Data Package Reproduction

With the Raw URL for Jacqueline's data in hand, I navigated to the Frictionless Data Package Creator linked above and pasted the URL into the Path text box at the top of the screen. Once I loaded the dataset, five inferred fields were found. All of them had the appropriate data type listed, and all of them were labeled aside from field one, which did not have a header title on github. I was able to label all the data and add a description for each one, and added metadata on the left hand side of the creator screen. After filling out all fields, I clicked "validate" and had a valid data package to download. I looked at the .JSON file created and compared it to Jacqueline's datapackage published on her GitHub repository. The only difference between our two data packages was that she named the first field "Index" while I left it as "field1" since it was unlabeled.
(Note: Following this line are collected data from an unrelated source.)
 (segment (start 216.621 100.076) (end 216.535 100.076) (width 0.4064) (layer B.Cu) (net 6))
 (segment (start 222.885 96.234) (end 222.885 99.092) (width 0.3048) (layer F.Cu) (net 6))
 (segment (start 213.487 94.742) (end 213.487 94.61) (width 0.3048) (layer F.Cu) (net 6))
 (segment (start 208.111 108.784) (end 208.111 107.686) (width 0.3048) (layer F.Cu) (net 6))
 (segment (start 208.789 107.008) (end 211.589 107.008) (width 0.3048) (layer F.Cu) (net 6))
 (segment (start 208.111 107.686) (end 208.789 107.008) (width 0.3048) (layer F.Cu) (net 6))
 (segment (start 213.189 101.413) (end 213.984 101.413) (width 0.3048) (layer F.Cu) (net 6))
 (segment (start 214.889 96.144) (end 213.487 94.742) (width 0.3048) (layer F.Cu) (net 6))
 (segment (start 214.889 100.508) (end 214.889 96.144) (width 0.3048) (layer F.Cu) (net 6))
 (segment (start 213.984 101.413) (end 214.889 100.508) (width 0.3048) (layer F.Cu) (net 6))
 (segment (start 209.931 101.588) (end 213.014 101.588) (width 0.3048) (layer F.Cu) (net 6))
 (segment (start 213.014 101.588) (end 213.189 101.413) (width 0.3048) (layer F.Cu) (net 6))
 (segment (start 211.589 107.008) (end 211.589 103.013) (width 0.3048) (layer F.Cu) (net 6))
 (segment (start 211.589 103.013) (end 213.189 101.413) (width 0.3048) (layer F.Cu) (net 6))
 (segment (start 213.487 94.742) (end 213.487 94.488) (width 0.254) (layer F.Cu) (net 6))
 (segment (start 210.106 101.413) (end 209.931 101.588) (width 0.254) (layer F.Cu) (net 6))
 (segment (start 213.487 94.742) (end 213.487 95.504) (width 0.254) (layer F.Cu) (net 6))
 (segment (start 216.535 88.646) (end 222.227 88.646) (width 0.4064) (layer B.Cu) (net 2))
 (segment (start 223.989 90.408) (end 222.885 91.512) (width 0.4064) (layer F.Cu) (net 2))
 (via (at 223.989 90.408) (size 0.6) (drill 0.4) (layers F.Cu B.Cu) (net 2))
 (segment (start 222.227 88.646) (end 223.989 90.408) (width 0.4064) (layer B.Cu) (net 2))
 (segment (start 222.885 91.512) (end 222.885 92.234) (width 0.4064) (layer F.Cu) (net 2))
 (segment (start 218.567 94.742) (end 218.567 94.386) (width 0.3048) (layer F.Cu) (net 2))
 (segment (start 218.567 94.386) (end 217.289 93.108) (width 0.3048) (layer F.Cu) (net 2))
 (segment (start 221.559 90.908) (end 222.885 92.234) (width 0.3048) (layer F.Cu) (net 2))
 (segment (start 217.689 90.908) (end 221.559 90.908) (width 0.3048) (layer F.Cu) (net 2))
Sam_Datapackage_Creator_JM

A screenshot of the data package creator after the URL for Jacqueline's data was loaded.

Data Validation

After successfully reproducing Jacqueline's data package, I headed over to Goodtables to validate her data. I used the same URL and pasted it into the "source" text box at the top of the goodtables web interface screen. I then clicked "validate" because I did not have a schema to upload. At the bottom of the screen, one error was indicated, which you can see in the below screenshot. The Goodtables data validator recognized that there was one blank header present in the dataset which was not a surprise to me. The first field which Jacqueline labeled as "Index" in her datapackage was listed as "Blank Header" according to Goodtables. Aside from this missing header, there were no other issues with the dataset!

Sam_JM_DataValidation

A screenshot of the GoodTables data validation results for Jacqueline's dataset. Note the missing header in column one.

Takeaways

Using Jacqueline's GitHub repository, Frictionless Data Package Creator, and Goodtables, I feel that I can confidently reuse her dataset for my own research purposes. While there was one piece of metadata missing from her dataset, her publicly published datapackage .JSON file on her repository helped me to quickly figure out how to interpret the unlabeled column. I also feel confident that the data is valid because after doing a visual scan of the dataset, I used the Goodtables tool to double check that the data was valid! Jacqueline's publicly available dataset is definitely findable, accessible, interoperable, and reproducible! Thanks for letting me use your data to attempt Frictionless Data best practices, Jacqueline!